You get four choices for your listening pleasure: Dolby 5.1 surround, Dolby 2.0 stereo, 5.1 Spanish, and 2.0 Spanish. All sound just fine, the English 5.1 track naturally coming off best. (There's not much use for the surround feature, but everything's rich and full.) Optional English and Spanish subtitles are also offered.

Extras

The commentary track from Perry is alternately refreshing (the choice to plaster the opening credits with his name over and over and over again was not his, and he's genuinely worried it made him look egotistical, which he thankfully assures us he is not) and distressing (on that wedding finale, he mumbles, "I don't know if I overdid it," to which we collectively yell back, "Yes, you really did!"). Perry begins every other sentence with "This was great…" or "She was great…" or "In this great moment…" The man has no idea he's made a turkey.
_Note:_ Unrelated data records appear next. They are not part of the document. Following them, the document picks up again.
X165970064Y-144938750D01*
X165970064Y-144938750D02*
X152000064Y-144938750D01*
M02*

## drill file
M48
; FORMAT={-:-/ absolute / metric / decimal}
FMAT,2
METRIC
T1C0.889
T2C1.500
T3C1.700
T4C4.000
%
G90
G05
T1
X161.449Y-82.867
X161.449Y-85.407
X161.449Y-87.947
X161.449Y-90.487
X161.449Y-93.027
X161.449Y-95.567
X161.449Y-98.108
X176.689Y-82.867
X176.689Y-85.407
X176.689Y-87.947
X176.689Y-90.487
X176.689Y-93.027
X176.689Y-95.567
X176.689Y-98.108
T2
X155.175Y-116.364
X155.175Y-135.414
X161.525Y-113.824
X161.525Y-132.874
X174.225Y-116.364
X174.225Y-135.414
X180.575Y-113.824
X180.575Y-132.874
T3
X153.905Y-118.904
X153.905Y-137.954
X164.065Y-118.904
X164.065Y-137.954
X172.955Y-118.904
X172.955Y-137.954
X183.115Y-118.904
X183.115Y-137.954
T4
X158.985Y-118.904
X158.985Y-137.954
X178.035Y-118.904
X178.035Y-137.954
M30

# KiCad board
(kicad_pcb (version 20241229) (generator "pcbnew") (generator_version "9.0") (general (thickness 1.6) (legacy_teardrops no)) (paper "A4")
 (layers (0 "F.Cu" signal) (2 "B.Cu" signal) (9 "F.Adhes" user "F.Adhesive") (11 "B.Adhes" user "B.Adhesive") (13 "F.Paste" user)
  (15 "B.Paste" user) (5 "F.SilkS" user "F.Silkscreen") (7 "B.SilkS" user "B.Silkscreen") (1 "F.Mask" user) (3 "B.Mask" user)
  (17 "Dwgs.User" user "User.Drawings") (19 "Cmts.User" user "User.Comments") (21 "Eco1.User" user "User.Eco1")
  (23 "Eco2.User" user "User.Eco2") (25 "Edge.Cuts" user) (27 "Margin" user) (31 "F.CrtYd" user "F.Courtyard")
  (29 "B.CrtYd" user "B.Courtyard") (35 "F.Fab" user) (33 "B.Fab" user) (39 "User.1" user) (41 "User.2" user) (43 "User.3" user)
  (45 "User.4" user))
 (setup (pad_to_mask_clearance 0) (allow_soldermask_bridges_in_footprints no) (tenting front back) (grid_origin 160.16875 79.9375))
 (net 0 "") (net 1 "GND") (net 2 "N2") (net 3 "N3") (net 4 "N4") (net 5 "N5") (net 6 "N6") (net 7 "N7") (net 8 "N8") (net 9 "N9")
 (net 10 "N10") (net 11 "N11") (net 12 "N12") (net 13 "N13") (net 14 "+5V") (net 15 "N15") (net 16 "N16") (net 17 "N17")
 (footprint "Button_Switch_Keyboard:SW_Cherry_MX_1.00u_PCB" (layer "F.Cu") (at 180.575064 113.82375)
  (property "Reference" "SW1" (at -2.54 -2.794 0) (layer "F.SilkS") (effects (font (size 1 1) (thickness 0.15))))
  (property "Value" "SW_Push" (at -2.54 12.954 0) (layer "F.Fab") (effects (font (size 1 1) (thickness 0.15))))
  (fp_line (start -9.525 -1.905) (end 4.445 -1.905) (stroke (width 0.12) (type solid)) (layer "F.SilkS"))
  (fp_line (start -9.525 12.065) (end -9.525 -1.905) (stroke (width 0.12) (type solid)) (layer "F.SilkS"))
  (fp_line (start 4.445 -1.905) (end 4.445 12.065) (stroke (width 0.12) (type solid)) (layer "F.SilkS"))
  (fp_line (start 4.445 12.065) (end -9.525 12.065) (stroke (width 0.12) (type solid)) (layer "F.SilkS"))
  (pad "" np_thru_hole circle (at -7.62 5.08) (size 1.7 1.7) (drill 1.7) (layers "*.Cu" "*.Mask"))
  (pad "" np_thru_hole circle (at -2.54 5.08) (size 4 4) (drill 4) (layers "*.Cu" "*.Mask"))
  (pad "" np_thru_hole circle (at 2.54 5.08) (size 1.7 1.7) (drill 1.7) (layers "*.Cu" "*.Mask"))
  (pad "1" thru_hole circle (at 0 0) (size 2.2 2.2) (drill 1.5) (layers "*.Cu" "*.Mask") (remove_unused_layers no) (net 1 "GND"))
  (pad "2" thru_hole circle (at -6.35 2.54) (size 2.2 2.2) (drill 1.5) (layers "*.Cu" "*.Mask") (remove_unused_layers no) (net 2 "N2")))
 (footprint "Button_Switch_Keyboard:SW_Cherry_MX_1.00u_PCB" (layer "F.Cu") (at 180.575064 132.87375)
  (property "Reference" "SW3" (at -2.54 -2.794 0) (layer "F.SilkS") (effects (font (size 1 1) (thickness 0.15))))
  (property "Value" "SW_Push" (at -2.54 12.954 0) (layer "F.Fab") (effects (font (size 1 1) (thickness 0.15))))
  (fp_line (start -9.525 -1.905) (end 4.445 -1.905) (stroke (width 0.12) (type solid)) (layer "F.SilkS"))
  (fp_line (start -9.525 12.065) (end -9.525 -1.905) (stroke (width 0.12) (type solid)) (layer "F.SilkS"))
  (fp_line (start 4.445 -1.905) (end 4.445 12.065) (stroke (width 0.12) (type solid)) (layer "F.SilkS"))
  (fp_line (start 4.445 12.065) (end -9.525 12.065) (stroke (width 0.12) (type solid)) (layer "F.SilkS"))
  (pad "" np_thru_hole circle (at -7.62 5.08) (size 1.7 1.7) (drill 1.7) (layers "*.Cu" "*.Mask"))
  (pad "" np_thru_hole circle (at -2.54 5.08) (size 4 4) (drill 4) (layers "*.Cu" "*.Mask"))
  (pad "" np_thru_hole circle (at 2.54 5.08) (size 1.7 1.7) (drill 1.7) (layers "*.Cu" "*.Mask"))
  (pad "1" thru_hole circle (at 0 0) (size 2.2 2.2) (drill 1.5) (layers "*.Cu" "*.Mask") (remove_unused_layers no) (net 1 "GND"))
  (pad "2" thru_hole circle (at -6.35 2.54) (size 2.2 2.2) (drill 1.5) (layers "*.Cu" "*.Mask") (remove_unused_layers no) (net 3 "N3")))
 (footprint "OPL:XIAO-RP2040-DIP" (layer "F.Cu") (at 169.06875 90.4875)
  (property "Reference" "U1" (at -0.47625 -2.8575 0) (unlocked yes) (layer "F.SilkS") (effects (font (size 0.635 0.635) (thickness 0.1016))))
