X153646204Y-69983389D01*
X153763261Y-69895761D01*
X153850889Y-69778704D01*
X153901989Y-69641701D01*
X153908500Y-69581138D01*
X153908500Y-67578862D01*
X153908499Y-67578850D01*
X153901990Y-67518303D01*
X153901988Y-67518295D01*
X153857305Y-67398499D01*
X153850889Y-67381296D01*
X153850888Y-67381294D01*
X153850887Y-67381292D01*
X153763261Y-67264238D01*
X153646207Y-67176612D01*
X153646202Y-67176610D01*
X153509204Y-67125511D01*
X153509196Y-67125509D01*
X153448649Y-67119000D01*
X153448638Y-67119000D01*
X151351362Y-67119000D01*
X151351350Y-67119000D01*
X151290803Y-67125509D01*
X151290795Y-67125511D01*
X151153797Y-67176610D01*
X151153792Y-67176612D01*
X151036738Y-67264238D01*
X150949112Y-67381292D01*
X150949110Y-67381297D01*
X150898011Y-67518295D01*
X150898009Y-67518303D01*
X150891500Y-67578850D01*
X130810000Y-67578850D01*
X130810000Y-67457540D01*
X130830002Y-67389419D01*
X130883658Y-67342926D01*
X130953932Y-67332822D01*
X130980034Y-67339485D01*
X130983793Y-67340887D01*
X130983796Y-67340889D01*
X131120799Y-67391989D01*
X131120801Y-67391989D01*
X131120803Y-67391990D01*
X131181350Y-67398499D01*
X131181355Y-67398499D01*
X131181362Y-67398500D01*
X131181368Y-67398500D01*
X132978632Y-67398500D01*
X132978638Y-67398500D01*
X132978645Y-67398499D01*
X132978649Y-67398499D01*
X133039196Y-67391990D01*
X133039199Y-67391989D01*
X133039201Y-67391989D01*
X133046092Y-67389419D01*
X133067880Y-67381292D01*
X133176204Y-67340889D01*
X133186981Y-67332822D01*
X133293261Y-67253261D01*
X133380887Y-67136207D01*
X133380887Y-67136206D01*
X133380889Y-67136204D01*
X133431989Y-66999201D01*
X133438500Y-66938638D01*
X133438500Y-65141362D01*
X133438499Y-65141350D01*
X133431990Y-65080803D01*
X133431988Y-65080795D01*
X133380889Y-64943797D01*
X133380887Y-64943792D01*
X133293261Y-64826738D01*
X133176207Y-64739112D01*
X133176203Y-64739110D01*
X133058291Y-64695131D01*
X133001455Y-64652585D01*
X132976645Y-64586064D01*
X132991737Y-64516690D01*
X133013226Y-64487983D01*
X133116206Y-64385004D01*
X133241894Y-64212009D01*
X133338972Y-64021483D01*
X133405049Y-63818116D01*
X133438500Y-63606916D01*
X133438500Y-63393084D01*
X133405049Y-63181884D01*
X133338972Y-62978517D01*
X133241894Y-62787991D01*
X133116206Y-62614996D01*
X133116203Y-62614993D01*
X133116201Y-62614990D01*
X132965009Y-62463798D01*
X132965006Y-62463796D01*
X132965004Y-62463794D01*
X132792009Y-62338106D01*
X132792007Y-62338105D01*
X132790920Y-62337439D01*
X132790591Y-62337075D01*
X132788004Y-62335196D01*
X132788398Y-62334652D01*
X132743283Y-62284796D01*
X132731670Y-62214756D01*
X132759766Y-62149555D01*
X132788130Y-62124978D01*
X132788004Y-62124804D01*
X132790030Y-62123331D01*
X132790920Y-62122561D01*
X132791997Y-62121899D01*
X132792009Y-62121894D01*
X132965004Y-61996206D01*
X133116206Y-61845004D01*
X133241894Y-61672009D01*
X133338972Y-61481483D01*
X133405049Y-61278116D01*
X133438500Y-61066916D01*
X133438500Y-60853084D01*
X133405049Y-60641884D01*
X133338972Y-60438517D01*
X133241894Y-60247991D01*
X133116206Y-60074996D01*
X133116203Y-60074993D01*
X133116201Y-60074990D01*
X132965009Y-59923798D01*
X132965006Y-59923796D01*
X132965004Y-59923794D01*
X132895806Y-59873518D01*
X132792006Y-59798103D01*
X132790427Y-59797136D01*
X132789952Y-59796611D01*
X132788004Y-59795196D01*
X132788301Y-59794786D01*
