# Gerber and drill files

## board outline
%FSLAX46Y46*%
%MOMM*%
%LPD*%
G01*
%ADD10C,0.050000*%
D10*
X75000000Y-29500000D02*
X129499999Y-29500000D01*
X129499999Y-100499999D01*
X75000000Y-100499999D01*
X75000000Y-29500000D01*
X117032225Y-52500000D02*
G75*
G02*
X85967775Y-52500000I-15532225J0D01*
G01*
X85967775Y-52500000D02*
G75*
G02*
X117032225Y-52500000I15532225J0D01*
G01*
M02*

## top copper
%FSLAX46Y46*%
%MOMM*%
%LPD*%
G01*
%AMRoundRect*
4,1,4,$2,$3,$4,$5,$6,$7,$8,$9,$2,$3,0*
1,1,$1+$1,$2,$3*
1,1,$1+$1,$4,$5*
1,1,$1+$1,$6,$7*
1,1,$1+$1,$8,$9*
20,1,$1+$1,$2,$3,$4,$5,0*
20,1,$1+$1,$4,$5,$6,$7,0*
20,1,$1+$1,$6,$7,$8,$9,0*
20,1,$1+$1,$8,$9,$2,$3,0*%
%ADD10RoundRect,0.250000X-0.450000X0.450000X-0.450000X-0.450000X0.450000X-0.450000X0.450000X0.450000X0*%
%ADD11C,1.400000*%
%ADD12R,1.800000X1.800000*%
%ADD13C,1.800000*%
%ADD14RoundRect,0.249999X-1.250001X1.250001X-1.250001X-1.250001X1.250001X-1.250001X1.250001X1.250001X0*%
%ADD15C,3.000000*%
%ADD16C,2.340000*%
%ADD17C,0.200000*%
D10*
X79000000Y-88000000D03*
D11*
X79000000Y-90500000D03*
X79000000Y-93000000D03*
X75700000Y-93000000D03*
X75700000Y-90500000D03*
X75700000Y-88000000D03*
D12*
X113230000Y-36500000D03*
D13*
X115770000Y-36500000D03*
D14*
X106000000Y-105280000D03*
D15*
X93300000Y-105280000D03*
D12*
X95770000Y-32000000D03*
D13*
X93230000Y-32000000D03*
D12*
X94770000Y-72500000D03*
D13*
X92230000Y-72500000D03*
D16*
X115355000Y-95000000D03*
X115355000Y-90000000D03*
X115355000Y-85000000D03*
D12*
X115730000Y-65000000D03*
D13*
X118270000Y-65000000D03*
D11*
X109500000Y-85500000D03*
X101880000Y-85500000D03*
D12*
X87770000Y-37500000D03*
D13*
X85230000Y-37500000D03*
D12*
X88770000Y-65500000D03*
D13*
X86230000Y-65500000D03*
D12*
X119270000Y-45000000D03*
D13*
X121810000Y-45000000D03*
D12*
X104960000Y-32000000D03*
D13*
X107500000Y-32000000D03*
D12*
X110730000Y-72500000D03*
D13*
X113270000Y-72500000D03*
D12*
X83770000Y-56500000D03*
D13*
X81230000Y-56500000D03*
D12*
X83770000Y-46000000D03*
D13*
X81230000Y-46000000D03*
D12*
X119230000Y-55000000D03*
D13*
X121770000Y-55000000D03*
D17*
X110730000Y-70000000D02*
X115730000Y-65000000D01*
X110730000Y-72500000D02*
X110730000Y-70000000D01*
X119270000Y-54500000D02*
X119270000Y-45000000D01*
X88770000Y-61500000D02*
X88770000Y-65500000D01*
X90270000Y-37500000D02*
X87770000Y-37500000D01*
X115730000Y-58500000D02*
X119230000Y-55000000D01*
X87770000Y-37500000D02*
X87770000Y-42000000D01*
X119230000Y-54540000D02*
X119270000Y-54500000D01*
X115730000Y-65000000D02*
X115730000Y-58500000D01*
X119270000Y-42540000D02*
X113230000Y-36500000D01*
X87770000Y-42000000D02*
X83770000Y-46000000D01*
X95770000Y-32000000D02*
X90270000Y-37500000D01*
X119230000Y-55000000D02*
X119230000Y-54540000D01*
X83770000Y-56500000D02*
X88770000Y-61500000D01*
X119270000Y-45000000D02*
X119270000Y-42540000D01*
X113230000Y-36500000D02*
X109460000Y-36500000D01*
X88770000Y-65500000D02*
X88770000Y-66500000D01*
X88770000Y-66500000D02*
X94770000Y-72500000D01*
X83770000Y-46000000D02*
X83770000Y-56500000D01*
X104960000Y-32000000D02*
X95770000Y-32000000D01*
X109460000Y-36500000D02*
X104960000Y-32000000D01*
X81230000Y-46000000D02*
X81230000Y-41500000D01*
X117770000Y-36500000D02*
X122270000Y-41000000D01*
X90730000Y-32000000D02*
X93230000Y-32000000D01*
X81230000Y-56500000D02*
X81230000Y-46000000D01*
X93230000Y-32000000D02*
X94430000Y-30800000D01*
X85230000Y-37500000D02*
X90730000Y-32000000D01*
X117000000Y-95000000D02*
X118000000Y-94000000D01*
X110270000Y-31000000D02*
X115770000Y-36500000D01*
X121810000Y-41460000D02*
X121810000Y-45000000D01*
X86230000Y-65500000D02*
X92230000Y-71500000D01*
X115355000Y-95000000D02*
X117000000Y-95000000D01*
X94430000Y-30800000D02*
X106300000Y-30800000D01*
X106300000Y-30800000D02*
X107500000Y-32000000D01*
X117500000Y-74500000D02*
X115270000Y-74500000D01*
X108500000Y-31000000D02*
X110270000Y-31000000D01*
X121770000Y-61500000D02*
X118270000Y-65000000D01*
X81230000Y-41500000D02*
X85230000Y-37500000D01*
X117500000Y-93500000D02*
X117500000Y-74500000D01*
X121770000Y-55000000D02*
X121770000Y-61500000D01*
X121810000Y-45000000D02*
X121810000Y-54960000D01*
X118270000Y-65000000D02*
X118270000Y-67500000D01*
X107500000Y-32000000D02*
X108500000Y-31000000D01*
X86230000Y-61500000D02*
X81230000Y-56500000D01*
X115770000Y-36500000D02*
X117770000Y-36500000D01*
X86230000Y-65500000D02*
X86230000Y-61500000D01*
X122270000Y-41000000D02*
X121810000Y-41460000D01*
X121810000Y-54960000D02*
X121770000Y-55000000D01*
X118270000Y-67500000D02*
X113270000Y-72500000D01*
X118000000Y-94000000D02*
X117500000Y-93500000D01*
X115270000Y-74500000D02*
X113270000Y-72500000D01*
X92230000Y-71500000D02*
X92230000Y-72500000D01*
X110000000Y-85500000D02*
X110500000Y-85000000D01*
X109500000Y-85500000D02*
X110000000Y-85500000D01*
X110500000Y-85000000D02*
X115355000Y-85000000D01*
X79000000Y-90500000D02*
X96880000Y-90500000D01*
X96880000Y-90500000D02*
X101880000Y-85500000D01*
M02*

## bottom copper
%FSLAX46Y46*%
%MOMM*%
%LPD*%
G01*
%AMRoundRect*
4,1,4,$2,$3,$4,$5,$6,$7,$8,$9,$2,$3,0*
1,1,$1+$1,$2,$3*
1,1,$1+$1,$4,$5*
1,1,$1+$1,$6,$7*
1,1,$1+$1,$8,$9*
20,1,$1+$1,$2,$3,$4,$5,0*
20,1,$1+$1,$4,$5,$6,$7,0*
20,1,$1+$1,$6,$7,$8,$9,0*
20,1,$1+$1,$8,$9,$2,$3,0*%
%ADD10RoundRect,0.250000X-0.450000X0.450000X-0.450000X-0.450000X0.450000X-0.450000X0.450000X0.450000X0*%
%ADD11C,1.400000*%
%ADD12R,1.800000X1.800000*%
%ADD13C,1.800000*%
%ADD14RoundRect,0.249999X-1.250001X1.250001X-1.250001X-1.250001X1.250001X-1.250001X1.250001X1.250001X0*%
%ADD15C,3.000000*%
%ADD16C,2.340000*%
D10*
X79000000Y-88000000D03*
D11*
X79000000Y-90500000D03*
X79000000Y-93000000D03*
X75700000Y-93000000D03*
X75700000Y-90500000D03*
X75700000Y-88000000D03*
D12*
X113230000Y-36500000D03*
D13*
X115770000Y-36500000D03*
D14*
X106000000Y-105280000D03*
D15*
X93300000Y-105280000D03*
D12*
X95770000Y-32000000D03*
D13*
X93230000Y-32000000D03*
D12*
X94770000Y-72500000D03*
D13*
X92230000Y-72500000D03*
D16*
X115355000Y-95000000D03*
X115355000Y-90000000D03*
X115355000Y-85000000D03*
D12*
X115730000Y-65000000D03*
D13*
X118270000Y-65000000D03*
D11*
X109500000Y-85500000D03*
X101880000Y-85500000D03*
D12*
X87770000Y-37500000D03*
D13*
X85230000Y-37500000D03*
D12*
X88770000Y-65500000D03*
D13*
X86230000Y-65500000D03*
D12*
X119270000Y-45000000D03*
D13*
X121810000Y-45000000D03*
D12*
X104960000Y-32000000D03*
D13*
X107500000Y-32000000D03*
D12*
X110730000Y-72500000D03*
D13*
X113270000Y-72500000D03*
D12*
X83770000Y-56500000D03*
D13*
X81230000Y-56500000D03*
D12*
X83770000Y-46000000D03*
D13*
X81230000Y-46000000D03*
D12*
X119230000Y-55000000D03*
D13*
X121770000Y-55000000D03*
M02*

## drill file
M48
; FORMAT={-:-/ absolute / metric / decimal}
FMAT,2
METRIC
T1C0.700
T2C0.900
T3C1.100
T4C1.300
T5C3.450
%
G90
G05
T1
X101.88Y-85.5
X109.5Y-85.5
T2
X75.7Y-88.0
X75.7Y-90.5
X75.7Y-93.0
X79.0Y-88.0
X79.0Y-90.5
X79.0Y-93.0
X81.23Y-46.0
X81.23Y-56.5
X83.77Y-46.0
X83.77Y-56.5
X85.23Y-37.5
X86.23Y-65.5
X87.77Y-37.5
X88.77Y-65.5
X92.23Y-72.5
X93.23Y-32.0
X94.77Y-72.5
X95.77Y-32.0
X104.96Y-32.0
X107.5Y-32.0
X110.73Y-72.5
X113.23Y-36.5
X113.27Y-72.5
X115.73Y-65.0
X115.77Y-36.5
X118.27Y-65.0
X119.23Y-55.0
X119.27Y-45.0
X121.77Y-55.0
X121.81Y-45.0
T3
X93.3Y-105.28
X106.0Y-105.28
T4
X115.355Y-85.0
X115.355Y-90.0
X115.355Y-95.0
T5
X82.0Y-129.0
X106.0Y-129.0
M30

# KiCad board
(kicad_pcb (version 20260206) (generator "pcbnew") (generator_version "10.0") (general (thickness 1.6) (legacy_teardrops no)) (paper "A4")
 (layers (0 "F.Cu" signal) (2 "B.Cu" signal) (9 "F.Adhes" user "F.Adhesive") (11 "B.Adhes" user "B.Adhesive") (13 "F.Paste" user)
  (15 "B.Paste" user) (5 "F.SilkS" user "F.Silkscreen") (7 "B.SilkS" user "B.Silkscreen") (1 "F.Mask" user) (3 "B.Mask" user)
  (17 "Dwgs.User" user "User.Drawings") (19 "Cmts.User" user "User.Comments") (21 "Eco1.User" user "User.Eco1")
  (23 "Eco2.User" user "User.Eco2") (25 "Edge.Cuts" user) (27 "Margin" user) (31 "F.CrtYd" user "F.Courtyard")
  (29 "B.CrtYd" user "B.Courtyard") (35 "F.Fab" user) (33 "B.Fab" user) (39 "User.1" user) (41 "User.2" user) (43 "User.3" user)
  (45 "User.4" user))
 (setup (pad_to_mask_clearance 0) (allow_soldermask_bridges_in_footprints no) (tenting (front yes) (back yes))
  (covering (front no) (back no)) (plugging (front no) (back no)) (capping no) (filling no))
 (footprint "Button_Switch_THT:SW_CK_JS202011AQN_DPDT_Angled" (layer "F.Cu") (at 79 88 -90)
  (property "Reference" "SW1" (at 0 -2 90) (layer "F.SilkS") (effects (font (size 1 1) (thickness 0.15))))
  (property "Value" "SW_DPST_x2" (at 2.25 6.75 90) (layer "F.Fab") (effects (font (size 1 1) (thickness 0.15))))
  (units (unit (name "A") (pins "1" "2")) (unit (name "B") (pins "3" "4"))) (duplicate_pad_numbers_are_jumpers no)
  (pad "1" thru_hole roundrect (at 0 0 270) (size 1.4 1.4) (drill 0.9) (layers "*.Cu" "*.Mask") (remove_unused_layers no)
   (roundrect_rratio 0.1785714286) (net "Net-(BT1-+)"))
  (pad "2" thru_hole circle (at 2.5 0 270) (size 1.4 1.4) (drill 0.9) (layers "*.Cu" "*.Mask") (remove_unused_layers no)
   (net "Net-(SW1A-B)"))
  (pad "3" thru_hole circle (at 5 0 270) (size 1.4 1.4) (drill 0.9) (layers "*.Cu" "*.Mask") (remove_unused_layers no))
  (pad "4" thru_hole circle (at 5 3.3 270) (size 1.4 1.4) (drill 0.9) (layers "*.Cu" "*.Mask") (remove_unused_layers no))
  (pad "5" thru_hole circle (at 2.5 3.3 270) (size 1.4 1.4) (drill 0.9) (layers "*.Cu" "*.Mask") (remove_unused_layers no))
  (pad "6" thru_hole circle (at 0 3.3 270) (size 1.4 1.4) (drill 0.9) (layers "*.Cu" "*.Mask") (remove_unused_layers no)))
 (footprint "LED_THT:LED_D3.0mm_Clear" (layer "F.Cu") (at 113.23 36.5)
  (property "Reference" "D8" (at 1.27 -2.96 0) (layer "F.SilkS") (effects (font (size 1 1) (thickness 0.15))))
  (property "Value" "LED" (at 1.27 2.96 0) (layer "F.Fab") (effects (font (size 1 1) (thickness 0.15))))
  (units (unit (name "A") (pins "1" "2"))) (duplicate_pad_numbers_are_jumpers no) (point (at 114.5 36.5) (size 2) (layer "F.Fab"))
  (pad "1" thru_hole rect (at 0 0) (size 1.8 1.8) (drill 0.9) (layers "*.Cu" "*.Mask") (remove_unused_layers no) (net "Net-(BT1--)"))
  (pad "2" thru_hole circle (at 2.54 0) (size 1.8 1.8) (drill 0.9) (layers "*.Cu" "*.Mask") (remove_unused_layers no) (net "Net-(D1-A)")))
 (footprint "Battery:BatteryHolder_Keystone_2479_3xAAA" (layer "F.Cu") (at 106 105.28 -90)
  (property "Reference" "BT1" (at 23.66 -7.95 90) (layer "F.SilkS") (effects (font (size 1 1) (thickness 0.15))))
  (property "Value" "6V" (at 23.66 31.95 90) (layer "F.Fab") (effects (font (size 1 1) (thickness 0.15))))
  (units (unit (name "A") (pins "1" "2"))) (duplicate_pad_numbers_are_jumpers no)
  (pad "" np_thru_hole circle (at 23.72 0 270) (size 3.45 3.45) (drill 3.45) (layers "*.Cu" "*.Mask"))
  (pad "" np_thru_hole circle (at 23.72 24 270) (size 3.45 3.45) (drill 3.45) (layers "*.Cu" "*.Mask"))
  (pad "1" thru_hole roundrect (at 0 0 270) (size 3 3) (drill 1.1) (layers "*.Cu" "*.Mask") (remove_unused_layers no)
   (roundrect_rratio 0.083333) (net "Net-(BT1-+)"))
  (pad "2" thru_hole circle (at 0 12.7 270) (size 3 3) (drill 1.1) (layers "*.Cu" "*.Mask") (remove_unused_layers no) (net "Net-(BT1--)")))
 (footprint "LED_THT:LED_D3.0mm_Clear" (layer "F.Cu") (at 95.77 32 180)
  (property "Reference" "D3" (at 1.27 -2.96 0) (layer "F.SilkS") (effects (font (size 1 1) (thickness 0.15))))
"The Making of Madea's Family Reunion" is an overlong (22 minutes) fluff piece in which everyone involved talks about how wonderful it was to work with everyone else. For a laugh, Perry shows up to be interviewed as Madea, which goes over as well as when Stallone interviewed himself as Rocky, which is to say, it doesn't go over well at all.

Ten minutes of deleted scenes have little to offer. For those wondering how bad a scene has to be for it to be cut from a Tyler Perry movie, the answer will not be found here; these clips are merely mediocre and seem to have been cut for time, not for lousiness.

"Marriage Madea Style" (8 min.) is a peek at the making of the garish wedding finale. If you want to learn how you, too, can have real-life harp-playing angels dangling from the ceiling of your own wedding venue, this is the featurette to watch.

"Gaither Plantation" (4 min.) examines the setting for the reunion, a former slave plantation. That's a lot of history to tackle, but this feature is completely unwilling to go deep enough, content instead with merely mentioning how this home for slaves is now the site of a fictional black family get-together, and hey, isn't that something?

"Making the Music" (5 min.) purports to be all about, well, the making of the music featured in the film, but it's really just another chance for everyone to say how great Perry is. You see, in addition to writing, directing, producing, and acting, he also wrote many of the film's songs. What a guy.

Finally, we get a slew of trailers - one for "Akeelah and the Bee," the rest for a wide supply of Tyler Perry merchandise.

Final Thoughts

With "Reunion," Perry officially becomes a top name in bad movies. While not nearly as offensive or dim-witted as "Diary," this one's still a gigantic mess, based almost entirely on a screenplay that fails on every conceivable level. Even if you think Perry has some important messages to deliver about respect and faith and family, you have to admit that his delivery is as poor as they get. Skip It.